--- Given information Enclosed Below ---

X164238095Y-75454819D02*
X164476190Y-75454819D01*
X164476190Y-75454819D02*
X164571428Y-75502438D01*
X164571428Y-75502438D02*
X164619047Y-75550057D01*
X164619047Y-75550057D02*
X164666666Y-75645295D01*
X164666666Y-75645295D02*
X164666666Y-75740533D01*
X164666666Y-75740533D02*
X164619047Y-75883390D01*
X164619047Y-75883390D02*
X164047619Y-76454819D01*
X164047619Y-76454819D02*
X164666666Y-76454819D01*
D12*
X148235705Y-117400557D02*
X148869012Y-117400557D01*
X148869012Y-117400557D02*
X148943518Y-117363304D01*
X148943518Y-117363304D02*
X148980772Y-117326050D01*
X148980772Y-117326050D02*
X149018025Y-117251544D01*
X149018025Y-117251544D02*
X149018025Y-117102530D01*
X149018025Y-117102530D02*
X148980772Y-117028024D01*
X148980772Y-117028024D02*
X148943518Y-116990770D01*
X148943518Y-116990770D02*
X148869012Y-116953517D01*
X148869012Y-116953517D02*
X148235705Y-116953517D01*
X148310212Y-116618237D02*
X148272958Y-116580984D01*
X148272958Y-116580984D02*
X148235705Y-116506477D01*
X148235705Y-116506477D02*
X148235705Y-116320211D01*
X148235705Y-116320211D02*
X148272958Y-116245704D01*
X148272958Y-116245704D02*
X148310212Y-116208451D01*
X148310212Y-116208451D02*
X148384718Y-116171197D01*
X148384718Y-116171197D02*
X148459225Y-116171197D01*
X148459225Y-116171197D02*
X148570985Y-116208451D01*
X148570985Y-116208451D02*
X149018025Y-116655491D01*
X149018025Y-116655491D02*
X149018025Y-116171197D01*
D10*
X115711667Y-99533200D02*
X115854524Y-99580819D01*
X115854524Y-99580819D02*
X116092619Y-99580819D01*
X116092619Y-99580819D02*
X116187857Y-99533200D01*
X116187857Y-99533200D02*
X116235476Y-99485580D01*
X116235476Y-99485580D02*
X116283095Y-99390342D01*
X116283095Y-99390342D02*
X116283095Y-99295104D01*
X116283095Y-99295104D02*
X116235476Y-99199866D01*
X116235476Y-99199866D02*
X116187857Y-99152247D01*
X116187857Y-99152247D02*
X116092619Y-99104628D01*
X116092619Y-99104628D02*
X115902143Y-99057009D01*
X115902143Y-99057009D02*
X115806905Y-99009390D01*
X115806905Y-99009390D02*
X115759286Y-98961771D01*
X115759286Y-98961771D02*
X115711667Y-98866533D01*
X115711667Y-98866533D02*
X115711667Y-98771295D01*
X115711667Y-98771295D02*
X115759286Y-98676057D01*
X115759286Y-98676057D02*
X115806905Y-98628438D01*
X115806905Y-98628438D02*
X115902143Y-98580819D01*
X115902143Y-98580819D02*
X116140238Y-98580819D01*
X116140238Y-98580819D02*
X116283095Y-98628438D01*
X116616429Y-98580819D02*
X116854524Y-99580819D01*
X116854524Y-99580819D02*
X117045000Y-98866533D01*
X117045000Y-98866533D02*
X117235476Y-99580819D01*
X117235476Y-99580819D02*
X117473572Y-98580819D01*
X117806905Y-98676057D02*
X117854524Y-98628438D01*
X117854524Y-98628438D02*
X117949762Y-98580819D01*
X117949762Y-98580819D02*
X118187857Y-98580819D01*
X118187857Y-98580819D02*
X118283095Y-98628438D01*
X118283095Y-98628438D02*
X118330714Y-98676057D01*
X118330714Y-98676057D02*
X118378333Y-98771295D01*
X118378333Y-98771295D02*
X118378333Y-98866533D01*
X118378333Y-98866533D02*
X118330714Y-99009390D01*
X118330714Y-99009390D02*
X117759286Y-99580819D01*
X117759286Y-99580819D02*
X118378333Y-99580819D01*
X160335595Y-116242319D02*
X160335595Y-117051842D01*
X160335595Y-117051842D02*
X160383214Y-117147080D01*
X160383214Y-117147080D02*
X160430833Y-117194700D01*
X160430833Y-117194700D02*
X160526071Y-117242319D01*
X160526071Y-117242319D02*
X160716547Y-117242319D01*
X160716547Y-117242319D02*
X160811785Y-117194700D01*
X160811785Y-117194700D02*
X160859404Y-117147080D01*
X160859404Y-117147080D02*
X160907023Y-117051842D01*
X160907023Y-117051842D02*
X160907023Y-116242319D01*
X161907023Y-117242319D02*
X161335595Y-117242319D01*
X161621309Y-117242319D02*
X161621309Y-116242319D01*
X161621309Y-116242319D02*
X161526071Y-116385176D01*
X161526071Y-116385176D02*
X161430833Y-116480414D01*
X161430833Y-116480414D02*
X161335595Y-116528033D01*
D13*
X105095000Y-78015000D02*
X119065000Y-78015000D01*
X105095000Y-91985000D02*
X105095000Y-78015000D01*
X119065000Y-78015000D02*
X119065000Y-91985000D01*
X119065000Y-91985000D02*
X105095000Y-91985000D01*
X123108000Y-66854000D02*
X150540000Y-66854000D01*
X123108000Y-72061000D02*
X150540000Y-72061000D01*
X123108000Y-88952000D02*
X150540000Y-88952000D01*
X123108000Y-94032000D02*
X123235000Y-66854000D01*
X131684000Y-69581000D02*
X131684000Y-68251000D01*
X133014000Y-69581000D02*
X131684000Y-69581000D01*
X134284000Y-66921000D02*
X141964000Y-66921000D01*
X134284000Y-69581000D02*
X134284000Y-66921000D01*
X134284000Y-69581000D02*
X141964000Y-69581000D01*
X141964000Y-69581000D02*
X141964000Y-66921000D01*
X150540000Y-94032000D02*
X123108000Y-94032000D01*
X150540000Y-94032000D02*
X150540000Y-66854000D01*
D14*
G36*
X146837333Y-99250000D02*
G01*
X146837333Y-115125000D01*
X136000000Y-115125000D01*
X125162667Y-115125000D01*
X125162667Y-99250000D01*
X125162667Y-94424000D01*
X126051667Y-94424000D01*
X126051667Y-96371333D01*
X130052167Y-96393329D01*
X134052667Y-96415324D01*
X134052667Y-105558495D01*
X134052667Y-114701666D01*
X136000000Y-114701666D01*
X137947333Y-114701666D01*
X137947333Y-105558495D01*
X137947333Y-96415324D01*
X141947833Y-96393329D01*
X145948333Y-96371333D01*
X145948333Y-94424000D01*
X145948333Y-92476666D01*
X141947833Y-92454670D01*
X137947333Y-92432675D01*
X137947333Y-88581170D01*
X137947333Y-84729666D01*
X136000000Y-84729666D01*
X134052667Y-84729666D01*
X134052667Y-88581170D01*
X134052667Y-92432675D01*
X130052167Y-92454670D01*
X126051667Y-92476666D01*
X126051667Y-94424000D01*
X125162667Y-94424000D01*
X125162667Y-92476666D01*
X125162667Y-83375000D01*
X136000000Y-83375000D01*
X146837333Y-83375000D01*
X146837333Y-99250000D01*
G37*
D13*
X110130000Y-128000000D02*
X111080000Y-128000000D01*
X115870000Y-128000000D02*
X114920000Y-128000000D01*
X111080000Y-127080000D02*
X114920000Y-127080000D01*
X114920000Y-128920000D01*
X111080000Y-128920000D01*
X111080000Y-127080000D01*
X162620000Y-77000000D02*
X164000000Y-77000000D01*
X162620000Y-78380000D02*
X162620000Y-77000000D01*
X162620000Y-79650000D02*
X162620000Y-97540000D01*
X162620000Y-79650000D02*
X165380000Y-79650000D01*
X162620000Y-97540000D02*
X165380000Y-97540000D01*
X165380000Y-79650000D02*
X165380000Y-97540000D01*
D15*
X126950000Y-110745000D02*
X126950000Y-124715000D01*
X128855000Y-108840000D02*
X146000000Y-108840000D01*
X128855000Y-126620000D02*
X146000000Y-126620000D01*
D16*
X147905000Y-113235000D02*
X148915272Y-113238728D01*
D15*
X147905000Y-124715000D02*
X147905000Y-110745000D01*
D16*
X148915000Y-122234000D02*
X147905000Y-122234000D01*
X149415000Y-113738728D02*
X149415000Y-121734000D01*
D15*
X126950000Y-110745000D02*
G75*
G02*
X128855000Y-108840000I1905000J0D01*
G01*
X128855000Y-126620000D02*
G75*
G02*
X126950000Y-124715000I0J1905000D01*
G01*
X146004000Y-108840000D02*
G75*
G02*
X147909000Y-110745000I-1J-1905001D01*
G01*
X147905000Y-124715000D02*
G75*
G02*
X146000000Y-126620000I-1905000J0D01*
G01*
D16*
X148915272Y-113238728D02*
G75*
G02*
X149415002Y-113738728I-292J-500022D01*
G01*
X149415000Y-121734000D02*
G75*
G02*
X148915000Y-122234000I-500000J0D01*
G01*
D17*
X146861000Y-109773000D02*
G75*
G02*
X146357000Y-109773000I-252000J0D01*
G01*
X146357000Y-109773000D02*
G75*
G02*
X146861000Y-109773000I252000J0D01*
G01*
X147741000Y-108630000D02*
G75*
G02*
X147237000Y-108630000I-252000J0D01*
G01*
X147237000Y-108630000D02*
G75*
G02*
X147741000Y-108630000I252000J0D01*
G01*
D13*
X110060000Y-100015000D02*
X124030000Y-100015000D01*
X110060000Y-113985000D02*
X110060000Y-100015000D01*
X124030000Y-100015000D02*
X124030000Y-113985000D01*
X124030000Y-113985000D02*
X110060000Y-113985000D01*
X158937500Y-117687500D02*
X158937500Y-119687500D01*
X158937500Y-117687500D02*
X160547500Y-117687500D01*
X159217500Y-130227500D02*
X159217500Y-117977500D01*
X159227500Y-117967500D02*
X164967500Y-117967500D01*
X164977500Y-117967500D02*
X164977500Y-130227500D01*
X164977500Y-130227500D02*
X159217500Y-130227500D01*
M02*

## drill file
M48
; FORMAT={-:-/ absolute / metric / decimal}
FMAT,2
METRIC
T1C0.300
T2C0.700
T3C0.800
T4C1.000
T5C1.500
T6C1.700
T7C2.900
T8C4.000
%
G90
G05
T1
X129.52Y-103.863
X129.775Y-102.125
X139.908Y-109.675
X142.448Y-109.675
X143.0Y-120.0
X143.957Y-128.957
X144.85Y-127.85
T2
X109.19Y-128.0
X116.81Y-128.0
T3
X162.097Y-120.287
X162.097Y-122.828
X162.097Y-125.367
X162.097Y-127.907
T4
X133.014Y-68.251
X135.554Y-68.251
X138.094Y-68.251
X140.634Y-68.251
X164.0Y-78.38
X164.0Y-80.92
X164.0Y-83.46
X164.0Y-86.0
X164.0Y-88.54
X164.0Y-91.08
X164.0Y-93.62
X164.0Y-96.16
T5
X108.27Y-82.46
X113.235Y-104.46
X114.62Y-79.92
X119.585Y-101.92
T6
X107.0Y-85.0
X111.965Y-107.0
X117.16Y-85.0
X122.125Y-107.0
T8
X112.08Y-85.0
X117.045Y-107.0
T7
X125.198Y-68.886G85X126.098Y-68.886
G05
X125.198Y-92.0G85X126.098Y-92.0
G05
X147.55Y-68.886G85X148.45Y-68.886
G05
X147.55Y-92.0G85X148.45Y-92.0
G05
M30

--- End of Enclosed Given information ---

» **Directions for this task**: Go back to the data above and please quote exactly, and only, the lines from the line with "X122.125Y-107.0" through its last line.

» **Answer to this exercise**:
X122.125Y-107.0
T8
X112.08Y-85.0
X117.045Y-107.0
T7
X125.198Y-68.886G85X126.098Y-68.886
G05
X125.198Y-92.0G85X126.098Y-92.0
G05
X147.55Y-68.886G85X148.45Y-68.886
G05
X147.55Y-92.0G85X148.45Y-92.0
G05
M30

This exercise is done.